# HED Belgium + rim won't fit EVO Red 2013 - offset far to right



## warx (Aug 29, 2012)

This is really strange. Been running a 25c Gatorskin on the OEM Equippe wheel for a while plenty of clearance although it runs closer to chain stay. The new HED Belgium rim runs way to close to the chain stay. I reversed it to check the dish and it is built correctly centered. 6.5mm clearance on the left. 1.5mm clearance on the right.

I don't know if this model frame is asymmetrical or not. It looks like the tire is centered. When I fit my new tire (TriComp 25c) it rubs. Plenty of clearance to the seat tube though. 

Here is the offset: 








On first install it also did not sit properly in the dropouts because of a bump on the left side. This made it offset at the brakes too. Forcing the axle to the depth of the dropout (past the bump in the pic) corrected that.

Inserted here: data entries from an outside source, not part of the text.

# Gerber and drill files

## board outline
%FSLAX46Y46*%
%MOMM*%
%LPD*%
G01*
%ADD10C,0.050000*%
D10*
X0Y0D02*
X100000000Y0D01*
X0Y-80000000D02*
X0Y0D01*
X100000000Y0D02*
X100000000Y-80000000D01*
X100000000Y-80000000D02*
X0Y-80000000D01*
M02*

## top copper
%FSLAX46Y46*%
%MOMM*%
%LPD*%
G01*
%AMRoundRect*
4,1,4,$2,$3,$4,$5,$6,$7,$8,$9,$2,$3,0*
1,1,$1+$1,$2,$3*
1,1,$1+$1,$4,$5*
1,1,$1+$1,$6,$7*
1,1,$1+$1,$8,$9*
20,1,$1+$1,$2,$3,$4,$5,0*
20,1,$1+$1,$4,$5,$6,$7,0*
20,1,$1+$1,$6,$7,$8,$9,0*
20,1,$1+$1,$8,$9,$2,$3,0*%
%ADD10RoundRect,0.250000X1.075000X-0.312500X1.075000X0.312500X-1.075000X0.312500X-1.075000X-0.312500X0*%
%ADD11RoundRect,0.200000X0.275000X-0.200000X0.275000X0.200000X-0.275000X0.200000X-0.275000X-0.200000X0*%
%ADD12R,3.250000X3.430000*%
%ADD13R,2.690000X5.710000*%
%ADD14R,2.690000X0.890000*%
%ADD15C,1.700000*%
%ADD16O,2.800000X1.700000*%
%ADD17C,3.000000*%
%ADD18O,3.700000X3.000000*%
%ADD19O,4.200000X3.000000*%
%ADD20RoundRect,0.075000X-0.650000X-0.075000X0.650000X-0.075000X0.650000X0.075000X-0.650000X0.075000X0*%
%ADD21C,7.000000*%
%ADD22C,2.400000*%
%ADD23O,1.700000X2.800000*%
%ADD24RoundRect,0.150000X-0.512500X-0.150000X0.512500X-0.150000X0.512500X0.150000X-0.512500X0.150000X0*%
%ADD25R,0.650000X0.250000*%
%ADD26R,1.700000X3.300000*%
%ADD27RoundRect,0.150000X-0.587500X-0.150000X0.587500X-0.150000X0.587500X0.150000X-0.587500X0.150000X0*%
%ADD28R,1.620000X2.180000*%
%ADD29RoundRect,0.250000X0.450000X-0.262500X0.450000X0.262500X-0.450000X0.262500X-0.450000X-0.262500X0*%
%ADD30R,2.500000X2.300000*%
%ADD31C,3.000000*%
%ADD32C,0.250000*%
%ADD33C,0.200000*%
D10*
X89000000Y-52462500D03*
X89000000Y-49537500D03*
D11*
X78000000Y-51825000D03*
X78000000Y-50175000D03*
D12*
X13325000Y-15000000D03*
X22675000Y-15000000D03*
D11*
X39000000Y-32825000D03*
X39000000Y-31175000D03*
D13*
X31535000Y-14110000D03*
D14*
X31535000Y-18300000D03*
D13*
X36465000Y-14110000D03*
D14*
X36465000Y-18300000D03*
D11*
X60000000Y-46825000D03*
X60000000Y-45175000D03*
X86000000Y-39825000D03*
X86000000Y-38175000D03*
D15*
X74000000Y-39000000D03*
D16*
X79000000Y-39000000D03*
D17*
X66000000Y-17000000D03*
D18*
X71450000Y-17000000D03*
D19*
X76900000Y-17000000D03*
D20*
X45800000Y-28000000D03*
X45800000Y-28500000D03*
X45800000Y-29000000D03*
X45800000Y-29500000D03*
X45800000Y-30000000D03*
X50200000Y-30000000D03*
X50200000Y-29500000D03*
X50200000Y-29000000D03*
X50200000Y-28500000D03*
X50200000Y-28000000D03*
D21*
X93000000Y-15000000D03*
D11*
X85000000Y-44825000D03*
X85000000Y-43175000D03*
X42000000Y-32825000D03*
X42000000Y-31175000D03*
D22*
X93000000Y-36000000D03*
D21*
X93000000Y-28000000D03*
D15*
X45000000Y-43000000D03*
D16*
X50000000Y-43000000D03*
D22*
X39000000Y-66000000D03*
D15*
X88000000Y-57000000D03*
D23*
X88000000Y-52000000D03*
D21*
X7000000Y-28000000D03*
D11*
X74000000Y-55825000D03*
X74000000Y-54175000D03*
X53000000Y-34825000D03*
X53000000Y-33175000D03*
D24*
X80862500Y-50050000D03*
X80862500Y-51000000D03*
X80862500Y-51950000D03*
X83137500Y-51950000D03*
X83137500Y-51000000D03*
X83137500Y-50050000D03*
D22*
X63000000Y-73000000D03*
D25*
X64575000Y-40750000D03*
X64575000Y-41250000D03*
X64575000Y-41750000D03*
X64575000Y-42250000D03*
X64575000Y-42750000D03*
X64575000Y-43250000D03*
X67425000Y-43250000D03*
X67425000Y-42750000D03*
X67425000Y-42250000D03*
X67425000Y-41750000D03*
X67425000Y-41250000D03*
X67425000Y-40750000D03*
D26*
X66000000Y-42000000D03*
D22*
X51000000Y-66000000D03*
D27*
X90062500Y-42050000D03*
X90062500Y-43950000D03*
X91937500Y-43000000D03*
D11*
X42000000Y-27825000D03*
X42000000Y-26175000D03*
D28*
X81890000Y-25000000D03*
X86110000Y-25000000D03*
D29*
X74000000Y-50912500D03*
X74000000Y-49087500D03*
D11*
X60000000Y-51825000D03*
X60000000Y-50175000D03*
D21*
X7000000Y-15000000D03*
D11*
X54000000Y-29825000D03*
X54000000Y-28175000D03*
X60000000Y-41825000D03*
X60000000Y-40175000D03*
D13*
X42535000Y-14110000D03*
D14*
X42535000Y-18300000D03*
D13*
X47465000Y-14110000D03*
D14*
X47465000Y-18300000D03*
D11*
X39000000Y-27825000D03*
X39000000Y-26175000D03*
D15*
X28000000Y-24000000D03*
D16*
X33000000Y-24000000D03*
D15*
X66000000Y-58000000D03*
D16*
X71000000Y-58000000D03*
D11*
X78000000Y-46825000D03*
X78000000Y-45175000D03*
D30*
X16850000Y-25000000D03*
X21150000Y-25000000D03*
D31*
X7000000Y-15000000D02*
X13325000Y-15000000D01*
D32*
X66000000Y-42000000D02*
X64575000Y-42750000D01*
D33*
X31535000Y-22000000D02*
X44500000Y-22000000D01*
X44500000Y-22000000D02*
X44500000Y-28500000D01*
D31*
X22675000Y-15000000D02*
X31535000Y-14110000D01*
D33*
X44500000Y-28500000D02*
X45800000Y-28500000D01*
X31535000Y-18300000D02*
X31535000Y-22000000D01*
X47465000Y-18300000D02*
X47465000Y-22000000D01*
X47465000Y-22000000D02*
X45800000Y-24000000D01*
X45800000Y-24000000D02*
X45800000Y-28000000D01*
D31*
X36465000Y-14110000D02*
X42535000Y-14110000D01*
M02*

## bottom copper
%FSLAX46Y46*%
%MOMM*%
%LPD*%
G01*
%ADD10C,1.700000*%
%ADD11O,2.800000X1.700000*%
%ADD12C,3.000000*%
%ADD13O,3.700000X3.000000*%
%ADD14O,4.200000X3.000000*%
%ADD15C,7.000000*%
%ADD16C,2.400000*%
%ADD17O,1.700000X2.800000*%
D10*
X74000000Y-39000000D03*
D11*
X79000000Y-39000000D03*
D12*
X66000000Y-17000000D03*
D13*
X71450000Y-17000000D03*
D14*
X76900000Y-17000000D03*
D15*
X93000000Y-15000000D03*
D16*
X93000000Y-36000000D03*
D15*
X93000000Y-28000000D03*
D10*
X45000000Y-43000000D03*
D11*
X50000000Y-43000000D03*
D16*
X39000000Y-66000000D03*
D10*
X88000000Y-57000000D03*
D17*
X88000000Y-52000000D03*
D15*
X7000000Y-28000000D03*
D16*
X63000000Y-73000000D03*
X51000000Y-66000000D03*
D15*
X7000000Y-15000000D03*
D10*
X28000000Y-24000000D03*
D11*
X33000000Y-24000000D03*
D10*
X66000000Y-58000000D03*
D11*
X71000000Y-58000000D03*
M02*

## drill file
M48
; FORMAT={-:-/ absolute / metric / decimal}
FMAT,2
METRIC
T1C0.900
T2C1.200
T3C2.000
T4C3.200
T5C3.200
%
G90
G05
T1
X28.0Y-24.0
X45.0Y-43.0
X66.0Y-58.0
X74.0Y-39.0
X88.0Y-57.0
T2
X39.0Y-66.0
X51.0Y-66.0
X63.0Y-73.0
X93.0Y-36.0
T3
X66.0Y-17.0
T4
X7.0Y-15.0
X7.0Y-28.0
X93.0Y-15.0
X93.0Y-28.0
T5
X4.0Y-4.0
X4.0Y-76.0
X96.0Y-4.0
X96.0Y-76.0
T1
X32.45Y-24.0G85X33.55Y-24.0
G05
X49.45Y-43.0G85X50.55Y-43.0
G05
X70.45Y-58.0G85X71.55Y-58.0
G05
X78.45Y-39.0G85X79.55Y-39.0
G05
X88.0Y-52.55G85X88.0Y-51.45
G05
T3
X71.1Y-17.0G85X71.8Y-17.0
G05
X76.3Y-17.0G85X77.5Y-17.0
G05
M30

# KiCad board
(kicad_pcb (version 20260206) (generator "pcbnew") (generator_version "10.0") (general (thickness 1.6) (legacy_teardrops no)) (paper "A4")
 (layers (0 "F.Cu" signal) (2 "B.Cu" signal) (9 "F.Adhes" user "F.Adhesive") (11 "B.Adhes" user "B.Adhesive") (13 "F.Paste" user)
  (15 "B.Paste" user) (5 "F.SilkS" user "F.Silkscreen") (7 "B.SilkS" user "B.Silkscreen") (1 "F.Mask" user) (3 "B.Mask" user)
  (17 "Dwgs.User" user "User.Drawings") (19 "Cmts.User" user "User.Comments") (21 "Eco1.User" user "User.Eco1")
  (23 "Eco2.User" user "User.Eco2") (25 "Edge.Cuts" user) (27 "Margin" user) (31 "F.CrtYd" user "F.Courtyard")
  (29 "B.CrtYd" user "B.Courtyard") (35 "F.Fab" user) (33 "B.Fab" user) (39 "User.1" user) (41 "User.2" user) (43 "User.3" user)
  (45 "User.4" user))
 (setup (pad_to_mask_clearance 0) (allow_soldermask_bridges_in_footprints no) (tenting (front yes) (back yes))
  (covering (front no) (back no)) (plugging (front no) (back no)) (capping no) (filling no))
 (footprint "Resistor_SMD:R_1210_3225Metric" (layer "F.Cu") (at 89 51 90)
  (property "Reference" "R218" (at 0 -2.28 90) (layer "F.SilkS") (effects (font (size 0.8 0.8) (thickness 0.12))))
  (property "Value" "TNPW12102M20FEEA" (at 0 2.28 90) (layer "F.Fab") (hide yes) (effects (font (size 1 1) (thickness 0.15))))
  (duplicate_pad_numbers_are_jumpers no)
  (pad "1" smd roundrect (at -1.4625 0 90) (size 1.125 2.65) (layers "F.Cu" "F.Mask" "F.Paste") (roundrect_rratio 0.222222)
   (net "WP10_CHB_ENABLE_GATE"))
  (pad "2" smd roundrect (at 1.4625 0 90) (size 1.125 2.65) (layers "F.Cu" "F.Mask" "F.Paste") (roundrect_rratio 0.222222)
   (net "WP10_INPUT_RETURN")))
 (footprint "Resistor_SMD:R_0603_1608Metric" (layer "F.Cu") (at 78 51 90)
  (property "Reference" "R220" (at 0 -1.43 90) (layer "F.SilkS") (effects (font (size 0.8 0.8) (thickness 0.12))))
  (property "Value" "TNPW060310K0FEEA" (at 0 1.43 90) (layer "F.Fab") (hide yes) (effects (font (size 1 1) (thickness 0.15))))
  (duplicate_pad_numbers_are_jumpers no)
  (pad "1" smd roundrect (at -0.825 0 90) (size 0.8 0.95) (layers "F.Cu" "F.Mask" "F.Paste") (roundrect_rratio 0.25)
   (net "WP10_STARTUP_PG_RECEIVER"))
  (pad "2" smd roundrect (at 0.825 0 90) (size 0.8 0.95) (layers "F.Cu" "F.Mask" "F.Paste") (roundrect_rratio 0.25)
   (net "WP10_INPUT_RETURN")))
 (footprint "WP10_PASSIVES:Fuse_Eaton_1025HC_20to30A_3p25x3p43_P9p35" (layer "F.Cu") (at 18 15)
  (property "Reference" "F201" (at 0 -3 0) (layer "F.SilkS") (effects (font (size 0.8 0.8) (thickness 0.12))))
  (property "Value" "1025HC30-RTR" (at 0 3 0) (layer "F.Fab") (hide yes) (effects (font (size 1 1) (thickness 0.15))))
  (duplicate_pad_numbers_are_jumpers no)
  (pad "1" smd rect (at -4.675 0) (size 3.25 3.43) (layers "F.Cu" "F.Mask" "F.Paste") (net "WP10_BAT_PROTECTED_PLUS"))
  (pad "2" smd rect (at 4.675 0) (size 3.25 3.43) (layers "F.Cu" "F.Mask" "F.Paste") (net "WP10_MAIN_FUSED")))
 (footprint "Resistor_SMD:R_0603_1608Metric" (layer "F.Cu") (at 39 32 90)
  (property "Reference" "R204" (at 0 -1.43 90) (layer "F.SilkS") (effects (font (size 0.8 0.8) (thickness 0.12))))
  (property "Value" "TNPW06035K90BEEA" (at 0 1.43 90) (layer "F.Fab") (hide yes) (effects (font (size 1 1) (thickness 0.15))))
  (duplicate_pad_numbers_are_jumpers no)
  (pad "1" smd roundrect (at -0.825 0 90) (size 0.8 0.95) (layers "F.Cu" "F.Mask" "F.Paste") (roundrect_rratio 0.25) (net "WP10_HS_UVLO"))
  (pad "2" smd roundrect (at 0.825 0 90) (size 0.8 0.95) (layers "F.Cu" "F.Mask" "F.Paste") (roundrect_rratio 0.25)
   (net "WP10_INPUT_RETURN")))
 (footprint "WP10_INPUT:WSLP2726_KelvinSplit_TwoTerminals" (layer "F.Cu") (at 34 15)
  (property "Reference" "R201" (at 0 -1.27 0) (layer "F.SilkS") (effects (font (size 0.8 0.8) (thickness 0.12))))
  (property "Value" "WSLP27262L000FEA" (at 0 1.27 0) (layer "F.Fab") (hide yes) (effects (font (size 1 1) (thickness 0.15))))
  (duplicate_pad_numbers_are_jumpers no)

They are wide rims and I could try the new TriComp tire on my old rim. Just seems odd to me to be that close.


----------



## warx (Aug 29, 2012)

I solved this situation. After it checked out at the dealer store (using the Park Tool ***-2) for centerline centered-ness I was still convinced the wheel was angled so made my own "tool" to measure. It was 8mm out at the front of the bike (which is 0.46 degrees). 

No-one was going to be allowed to tell me what the right solution was so I just did it. I filed the dropout (**) on the right to allow the axle to slip forward 0.5mm and be straight. Everything solved. Clearance for tire, wheel is straight. No fibers exposed. Very little material removed so no weakening. 

You can see the slightly enlarged dropout here:








And how I measured the straightness of the wheel to the frame:








** In no way am I advocating that anyone attempt this (says my legal-side)


----------